HEY!

Q: Why did Suzie fall off the swing? A: She had no arms. Knock-knock? Who's there? Not Suzie.

what looks like a sock and goes on peoples feet? A sock

Rachel: Wanna hear a conundrum? Robby: Sure! Racheal: Vampire Value card.

why did tyler detweiler walk across the street? he didnt he has ceribral palsey

a blond goes into a taxi, the driver asks where to my friend , the blond says her desired location, gets droped off and trips, falls on her head, suffers major injuries, dies,weeks later the taxi driver drove the family to the funeral, they walk out and one of of them trips and gets back up...

Why did the chicken cross the road? To save his failing marriage.

A devout Christian dies. Peter winks as his soul passes through the impenetrable Gates of Heaven. Everyone is gay and– like, gay as in happy– Fags aren't allowed in Heaven.

How did Helen Keller's Parents punished her?

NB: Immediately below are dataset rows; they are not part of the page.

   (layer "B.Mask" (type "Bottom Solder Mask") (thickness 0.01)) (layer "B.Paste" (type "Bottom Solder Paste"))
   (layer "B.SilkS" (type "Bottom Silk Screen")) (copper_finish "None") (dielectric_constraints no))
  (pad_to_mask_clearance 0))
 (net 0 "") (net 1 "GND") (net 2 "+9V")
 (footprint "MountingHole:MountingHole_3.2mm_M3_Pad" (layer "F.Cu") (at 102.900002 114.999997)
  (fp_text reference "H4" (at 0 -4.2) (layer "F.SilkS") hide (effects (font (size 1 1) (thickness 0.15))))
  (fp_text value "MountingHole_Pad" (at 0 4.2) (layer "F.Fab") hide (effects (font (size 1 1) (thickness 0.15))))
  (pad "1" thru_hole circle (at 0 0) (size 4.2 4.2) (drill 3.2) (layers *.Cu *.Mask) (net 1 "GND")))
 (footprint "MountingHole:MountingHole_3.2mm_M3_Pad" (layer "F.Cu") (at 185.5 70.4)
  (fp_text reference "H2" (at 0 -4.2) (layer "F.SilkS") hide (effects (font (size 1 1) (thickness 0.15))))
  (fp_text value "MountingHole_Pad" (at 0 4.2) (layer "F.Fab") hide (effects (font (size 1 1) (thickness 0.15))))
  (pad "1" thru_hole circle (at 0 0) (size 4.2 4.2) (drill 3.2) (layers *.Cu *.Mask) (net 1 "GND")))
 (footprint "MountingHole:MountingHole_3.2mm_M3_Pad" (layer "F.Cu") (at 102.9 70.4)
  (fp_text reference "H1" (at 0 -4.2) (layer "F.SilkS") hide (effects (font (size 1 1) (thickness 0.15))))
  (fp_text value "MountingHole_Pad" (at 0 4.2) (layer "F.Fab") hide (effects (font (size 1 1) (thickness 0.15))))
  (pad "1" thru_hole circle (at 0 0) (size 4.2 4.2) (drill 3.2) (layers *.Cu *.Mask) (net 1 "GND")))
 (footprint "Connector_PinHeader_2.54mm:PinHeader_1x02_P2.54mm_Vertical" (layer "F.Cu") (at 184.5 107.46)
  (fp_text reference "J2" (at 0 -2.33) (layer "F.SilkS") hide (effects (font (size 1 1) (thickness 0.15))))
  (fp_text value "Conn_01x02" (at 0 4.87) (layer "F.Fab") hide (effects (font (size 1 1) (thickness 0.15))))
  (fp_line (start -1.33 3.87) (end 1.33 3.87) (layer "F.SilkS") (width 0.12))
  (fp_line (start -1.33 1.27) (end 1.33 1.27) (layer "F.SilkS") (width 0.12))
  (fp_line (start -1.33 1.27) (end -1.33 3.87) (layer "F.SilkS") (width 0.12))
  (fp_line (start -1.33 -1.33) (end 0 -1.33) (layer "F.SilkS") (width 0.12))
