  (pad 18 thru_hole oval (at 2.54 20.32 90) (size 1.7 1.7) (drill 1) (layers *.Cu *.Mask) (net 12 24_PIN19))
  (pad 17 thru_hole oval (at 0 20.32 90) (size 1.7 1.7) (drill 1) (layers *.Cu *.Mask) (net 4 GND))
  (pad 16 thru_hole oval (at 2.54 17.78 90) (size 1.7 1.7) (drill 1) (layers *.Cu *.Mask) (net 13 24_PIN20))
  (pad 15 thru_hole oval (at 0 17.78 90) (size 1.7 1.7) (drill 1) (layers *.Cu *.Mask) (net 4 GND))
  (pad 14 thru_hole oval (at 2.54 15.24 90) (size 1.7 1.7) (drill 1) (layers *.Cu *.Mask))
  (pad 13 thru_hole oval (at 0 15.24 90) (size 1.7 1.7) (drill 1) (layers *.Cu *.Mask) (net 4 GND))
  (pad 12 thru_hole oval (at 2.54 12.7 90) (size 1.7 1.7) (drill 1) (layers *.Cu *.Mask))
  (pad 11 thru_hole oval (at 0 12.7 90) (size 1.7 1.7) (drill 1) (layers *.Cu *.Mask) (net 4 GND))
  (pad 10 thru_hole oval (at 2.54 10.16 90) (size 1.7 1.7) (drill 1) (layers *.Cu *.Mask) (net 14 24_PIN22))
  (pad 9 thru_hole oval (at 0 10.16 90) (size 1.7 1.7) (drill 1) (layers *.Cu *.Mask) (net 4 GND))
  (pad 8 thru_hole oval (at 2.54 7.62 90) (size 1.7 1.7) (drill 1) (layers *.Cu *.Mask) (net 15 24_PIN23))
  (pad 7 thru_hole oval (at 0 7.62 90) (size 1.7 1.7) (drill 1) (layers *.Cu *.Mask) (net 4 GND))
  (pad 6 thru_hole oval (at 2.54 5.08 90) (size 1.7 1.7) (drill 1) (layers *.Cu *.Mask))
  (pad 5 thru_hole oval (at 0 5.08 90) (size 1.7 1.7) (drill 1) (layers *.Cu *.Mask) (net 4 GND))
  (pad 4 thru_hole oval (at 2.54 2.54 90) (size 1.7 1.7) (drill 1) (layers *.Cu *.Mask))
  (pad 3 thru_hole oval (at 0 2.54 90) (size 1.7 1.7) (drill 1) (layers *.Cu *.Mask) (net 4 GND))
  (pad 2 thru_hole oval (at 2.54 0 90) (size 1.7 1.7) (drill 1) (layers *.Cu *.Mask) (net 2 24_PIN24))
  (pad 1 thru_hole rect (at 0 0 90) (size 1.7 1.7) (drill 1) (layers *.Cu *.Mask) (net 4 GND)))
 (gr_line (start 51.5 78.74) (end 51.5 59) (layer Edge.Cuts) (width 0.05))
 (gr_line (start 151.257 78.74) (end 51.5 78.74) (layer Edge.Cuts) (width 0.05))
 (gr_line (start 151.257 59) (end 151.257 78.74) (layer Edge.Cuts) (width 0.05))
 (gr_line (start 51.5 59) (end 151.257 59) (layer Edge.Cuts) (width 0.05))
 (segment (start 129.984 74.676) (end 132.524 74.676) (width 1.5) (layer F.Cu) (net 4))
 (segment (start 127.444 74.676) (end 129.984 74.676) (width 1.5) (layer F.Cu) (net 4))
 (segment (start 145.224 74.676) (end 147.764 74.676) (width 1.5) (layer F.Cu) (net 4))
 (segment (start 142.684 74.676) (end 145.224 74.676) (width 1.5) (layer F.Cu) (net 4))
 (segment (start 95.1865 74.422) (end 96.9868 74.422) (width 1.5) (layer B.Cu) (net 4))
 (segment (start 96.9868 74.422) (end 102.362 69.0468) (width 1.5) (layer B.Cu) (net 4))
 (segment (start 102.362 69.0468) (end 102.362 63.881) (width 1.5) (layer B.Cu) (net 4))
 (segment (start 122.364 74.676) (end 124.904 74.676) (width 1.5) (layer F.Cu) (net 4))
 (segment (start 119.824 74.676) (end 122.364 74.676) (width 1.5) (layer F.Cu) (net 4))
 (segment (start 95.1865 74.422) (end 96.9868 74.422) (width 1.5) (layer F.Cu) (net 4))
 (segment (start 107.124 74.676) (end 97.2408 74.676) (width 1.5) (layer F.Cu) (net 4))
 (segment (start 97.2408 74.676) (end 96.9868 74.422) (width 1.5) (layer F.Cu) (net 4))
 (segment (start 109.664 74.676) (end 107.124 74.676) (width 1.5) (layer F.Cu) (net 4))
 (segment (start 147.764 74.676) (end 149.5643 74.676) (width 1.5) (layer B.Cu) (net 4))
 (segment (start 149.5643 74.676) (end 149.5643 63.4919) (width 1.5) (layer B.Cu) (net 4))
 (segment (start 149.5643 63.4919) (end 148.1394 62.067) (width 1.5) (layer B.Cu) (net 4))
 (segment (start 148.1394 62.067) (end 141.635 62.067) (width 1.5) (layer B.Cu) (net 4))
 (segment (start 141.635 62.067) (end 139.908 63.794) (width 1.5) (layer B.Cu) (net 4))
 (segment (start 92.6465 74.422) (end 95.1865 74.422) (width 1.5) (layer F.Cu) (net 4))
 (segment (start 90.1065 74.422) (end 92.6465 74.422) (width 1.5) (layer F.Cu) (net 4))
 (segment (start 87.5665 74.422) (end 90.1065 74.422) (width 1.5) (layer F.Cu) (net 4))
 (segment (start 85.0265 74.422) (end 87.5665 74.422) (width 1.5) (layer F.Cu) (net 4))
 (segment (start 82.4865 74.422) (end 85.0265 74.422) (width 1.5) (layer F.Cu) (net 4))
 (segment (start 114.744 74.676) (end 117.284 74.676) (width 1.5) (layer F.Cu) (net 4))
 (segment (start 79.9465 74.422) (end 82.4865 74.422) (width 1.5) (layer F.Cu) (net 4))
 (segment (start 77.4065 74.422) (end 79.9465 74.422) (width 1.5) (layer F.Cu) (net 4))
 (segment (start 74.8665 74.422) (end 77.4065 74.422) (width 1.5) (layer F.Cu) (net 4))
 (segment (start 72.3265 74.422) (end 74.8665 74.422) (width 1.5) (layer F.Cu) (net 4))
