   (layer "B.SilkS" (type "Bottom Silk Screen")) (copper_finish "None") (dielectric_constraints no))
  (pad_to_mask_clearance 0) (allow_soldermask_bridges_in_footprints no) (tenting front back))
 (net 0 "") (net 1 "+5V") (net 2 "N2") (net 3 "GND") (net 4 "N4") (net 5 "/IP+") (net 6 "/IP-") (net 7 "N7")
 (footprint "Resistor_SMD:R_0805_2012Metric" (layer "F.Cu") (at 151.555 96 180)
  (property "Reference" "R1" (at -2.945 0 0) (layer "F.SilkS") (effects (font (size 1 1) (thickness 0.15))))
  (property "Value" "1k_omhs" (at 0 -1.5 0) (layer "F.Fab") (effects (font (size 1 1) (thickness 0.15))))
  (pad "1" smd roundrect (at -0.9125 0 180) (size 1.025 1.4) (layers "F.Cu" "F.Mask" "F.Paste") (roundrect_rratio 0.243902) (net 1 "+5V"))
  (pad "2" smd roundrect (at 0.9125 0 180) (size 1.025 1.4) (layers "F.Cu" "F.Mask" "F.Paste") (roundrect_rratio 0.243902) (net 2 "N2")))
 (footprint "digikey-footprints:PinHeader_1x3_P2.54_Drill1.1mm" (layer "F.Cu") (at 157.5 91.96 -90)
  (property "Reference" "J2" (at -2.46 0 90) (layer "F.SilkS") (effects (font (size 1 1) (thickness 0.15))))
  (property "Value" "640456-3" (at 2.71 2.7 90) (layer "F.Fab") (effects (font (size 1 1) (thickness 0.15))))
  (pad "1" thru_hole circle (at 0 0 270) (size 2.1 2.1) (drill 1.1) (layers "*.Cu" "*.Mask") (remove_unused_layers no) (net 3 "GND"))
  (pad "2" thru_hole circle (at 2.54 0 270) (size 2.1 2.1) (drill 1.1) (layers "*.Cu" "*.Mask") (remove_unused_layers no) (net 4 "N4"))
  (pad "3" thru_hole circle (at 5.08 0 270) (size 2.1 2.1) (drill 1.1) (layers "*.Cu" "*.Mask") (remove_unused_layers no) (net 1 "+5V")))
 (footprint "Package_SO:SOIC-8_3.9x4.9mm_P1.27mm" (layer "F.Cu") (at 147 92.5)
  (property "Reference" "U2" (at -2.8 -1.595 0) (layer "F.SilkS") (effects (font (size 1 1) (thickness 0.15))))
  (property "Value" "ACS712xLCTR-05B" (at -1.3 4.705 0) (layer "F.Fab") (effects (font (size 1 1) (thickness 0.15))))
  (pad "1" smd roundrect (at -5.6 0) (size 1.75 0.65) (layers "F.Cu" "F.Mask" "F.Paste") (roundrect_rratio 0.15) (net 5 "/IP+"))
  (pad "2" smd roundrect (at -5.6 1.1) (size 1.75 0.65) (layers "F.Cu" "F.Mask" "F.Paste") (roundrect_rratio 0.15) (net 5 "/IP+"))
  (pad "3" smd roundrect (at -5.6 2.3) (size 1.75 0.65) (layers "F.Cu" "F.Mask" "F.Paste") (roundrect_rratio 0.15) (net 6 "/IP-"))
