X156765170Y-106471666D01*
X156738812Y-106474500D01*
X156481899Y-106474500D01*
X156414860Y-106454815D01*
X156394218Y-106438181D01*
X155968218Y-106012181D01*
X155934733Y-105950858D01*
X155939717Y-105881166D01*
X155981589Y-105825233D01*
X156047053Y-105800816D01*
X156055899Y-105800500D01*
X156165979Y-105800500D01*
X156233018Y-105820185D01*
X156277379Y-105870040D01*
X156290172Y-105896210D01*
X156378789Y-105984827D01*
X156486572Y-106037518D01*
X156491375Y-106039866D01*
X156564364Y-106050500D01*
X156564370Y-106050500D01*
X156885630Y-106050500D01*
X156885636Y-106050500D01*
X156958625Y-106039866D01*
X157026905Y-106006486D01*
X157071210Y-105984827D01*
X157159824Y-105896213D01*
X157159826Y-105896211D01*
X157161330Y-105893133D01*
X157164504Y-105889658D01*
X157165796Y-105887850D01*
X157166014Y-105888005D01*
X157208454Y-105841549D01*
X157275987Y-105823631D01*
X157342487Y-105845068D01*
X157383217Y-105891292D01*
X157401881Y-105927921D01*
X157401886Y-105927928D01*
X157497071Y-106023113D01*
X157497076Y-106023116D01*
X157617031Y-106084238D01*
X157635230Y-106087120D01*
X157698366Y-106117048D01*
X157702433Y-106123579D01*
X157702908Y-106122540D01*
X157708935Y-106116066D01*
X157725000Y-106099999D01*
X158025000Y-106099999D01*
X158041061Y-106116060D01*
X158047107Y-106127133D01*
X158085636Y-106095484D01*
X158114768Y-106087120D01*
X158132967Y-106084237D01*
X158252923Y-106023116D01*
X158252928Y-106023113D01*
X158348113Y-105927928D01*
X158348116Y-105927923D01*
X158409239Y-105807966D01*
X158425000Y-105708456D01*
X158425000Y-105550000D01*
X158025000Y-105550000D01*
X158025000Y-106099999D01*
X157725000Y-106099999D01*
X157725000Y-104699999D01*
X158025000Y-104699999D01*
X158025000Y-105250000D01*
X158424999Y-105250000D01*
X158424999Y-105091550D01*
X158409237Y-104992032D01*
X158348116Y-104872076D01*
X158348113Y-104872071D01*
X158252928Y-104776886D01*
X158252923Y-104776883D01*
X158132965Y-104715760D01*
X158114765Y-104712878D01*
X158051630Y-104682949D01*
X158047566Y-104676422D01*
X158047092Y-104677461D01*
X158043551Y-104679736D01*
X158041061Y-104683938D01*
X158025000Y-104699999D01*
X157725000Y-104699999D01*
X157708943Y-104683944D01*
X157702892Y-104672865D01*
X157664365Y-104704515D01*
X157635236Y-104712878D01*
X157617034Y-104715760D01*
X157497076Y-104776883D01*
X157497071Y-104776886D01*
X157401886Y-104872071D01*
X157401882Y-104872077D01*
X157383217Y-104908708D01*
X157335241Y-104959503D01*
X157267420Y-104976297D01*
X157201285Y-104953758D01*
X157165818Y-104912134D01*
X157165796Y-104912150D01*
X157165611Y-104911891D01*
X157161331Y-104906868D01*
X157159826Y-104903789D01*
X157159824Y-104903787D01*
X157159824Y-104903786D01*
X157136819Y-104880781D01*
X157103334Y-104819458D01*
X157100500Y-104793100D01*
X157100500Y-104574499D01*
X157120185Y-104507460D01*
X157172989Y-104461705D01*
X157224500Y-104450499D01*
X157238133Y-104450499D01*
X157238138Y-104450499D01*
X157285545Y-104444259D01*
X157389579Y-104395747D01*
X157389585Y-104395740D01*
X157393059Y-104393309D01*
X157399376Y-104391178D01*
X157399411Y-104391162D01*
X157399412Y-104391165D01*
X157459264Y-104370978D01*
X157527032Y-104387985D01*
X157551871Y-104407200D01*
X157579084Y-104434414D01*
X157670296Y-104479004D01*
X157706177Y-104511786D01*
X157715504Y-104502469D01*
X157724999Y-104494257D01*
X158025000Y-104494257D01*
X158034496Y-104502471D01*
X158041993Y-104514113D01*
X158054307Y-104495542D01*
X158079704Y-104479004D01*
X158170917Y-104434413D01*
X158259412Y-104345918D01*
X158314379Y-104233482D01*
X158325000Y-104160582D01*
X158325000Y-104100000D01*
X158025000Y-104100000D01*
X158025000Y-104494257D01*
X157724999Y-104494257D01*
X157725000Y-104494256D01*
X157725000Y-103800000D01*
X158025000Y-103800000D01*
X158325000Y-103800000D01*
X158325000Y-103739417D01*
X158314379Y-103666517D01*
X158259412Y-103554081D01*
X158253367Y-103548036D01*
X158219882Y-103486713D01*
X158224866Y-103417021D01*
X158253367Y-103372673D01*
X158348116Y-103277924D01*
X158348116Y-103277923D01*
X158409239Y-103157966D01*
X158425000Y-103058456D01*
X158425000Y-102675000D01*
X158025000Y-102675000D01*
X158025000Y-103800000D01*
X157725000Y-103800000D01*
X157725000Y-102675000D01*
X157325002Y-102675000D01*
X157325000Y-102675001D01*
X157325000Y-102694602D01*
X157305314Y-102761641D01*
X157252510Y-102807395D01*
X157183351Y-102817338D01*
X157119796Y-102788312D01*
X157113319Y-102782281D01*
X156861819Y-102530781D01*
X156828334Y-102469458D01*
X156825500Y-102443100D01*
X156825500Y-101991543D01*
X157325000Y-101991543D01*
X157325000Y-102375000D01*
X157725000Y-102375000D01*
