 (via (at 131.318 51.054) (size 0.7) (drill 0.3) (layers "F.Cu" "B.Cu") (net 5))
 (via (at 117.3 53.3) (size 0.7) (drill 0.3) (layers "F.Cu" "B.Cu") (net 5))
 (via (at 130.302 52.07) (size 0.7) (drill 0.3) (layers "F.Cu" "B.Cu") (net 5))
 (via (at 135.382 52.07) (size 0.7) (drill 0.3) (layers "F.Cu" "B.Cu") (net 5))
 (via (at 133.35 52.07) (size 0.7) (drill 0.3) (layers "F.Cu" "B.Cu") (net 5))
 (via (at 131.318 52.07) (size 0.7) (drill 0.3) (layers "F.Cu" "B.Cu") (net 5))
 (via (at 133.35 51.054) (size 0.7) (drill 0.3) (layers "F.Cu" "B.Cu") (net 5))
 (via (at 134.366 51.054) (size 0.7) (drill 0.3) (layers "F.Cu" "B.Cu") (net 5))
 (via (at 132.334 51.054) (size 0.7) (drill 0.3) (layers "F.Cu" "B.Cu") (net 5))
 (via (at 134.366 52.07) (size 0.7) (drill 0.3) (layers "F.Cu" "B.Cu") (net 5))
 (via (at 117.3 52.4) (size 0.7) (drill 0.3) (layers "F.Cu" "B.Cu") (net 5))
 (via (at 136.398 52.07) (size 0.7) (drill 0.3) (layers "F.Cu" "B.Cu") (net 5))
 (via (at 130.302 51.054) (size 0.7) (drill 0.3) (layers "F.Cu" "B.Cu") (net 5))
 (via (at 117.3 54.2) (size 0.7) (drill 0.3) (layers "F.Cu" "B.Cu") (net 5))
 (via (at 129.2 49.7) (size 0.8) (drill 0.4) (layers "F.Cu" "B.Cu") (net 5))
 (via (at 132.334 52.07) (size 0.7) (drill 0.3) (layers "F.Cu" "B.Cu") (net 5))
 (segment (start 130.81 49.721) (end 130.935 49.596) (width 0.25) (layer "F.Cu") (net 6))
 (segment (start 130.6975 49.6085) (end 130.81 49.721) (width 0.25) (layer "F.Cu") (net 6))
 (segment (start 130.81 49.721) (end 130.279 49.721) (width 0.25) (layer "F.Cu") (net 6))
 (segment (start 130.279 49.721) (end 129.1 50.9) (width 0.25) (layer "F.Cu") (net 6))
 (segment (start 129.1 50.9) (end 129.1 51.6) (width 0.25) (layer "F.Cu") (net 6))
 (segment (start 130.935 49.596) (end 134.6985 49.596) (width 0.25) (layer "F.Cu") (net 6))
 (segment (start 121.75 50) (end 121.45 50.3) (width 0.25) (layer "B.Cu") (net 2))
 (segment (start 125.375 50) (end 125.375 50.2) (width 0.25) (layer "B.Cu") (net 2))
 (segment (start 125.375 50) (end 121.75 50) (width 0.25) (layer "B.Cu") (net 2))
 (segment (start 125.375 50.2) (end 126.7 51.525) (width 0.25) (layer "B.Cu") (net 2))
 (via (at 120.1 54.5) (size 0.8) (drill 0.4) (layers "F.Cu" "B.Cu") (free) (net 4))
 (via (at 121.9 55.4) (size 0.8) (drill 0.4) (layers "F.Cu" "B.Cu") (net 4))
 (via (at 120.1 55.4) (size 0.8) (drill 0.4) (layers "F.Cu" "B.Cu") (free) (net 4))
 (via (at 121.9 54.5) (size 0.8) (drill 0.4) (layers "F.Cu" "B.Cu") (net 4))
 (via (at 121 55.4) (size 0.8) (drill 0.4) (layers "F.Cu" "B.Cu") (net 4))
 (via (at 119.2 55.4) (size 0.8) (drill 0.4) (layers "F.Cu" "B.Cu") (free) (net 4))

The put a doorknob on her door.

Why didn't he finish his

A man is walking down the street and sees a women sat on the pavement crying, he walks over to her and asks "what's wrong?" to which the women replies "it doesn't matter" the women then walks away as she did not want to share private information with a stranger.

What did one volcano say to the other? Nothing. Volcanoes are inanimate objects that do not possess the ability to speak.

Roses are Red, They are also white, Infact nowadays with cross-pollination a hugely diverse number of different coloured roses are attainable.

What's worse than knowing you have Hepititis C? Not knowing.

Did you hear about the sea cow who sang "Part of your Herd?" It was the Little Moomaid.

So, two men walk into a bar. But the midget walks under it.

Q: What is the difference between a potato chip and a frog? A: Neither one of them is a flower.

A dog walks into a bar. He's a service animal, so this is allowed.

A blond, a brunette, and a redhead are best friends and go shopping together.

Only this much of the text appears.